For a skew I actually don't use a grinder, I do them by hand with a diamond stone.  The grinder will give you a hollow grind, making the skew slightly sharper, but losing it;s edge faster.  After a little practice, it's pretty easy and only takes a few more seconds that the grinder.


----------



## Gary Max (Apr 26, 2010)

Still using my 4x36 Belt sander for Skews----guess I just like the feel better.
Belts are Blue Nortons---120 grit


----------



## PaulDoug (Apr 27, 2010)

The set up I made


----------



## GaryMGg (Apr 30, 2010)

I like the JohnRob video for many tools. However, I don't like the idea of sharpening on the side of the grinder wheel. 
It's going to take a little work to make a satisfactory guide for my oval skew, but I think I've got it figured out.
Probably make a prototype next week.


----------



## Dalecamino (Apr 30, 2010)

GaryMGg said:


> I like the JohnRob video for many tools. However, I don't like the idea of sharpening on the side of the grinder wheel.
> It's going to take a little work to make a satisfactory guide for my oval skew, but I think I've got it figured out.
> Probably make a prototype next week.


 Come to think of it , oval skew is what I use . Will you be posting pics here ? I'm anxious to see what you come up with .


----------



## GaryMGg (Apr 30, 2010)

Pics and plans (or, at least a formal description of how I make it as that as formal as my plans usually get).

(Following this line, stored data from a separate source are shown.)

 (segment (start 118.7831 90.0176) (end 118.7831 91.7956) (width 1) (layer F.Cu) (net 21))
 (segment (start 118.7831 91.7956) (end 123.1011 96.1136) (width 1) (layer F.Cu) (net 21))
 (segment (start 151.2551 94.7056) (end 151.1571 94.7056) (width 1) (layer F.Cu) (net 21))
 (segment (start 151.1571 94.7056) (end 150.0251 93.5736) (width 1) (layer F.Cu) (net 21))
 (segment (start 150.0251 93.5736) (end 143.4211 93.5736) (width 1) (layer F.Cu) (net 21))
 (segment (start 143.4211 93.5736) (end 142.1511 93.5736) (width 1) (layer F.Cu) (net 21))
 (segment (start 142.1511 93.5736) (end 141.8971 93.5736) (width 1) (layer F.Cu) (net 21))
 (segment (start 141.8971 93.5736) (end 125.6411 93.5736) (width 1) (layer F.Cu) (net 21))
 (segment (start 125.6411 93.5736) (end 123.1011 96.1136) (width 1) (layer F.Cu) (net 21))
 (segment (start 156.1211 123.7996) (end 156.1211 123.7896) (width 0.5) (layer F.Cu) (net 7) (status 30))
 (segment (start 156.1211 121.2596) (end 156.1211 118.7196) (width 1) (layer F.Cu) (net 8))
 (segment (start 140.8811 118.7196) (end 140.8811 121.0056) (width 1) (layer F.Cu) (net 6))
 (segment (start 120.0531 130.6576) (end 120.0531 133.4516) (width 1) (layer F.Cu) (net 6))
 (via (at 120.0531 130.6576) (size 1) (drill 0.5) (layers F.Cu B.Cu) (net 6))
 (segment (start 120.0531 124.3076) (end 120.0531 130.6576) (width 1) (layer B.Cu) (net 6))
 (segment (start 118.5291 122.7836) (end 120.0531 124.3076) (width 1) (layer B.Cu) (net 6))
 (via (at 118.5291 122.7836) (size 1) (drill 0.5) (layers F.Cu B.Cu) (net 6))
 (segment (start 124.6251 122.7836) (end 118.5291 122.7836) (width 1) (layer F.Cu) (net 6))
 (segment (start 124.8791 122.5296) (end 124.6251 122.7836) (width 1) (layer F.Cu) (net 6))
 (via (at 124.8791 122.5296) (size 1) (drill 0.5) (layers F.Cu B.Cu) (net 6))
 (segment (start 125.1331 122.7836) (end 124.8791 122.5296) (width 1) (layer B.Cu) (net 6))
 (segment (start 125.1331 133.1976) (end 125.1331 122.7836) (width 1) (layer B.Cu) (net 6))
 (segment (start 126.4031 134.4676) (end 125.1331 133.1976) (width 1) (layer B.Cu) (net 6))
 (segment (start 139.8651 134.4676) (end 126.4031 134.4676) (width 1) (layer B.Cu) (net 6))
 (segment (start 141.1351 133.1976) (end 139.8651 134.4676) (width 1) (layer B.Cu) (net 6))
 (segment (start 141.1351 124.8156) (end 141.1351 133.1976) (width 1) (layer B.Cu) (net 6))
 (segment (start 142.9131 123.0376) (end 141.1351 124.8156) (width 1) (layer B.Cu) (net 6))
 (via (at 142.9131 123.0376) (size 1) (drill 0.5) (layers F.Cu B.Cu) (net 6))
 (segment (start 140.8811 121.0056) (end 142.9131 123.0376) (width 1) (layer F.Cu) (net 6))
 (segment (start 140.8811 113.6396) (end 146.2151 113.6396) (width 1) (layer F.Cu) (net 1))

The way I figure, the guide has to be oval to hold the steel solidly, and it has to be
angled the same as the angle of the blade (which in my case is 30 degrees). 
Then, it has to be elevated such that the angle of the grind is maintained. 
Finally, it has to run perpendicular to the rotation of the stone so as to get a consistent edge.
Oh, and the guide has to be perfectly even so it can flipped (rolled) 180 degrees to act as a
guide for the other side.
Now, all I gotta do is make time to test that theory with a prototype. :biggrin:


----------



## bitshird (Apr 30, 2010)

GaryMGg said:


> I like the JohnRob video for many tools. However, I don't like the idea of sharpening on the side of the grinder wheel.
> It's going to take a little work to make a satisfactory guide for my oval skew, but I think I've got it figured out.
> Probably make a prototype next week.



Gary I'm with you, I've always warned against using the side of a grinding wheel, it seems to me I read or was told that it breaks down the wheel faster and can lead to catastrophic failure.


----------



## Umeubbe (May 4, 2010)

Hello, this is my grinder.

I have a German band grinding that goes in the water so it can never be too hot as it destroys the hardening. I usually sharpen knives on it, but then I started turning so I made a jig so that I can also sharpen my lathe steel and it works very well.

Sincerely / Urban


----------



## Glass Scratcher (May 5, 2010)

Here are some plans by Jean Michel (who passed away too young).


----------



## JimMc7 (May 5, 2010)

Pricey, but purpose-built Tormek SVS-50 jig will work on a bench grinder using the BGM-100 grinder jig mounting system. I use this setup to establish the skew grind, then finish on a Tormek (optional). I also use a diamond hone several times between Tormek sharpenings. Other Tormek jigs make the sharpening process easier to repeat but you can do all that with shop-built stops.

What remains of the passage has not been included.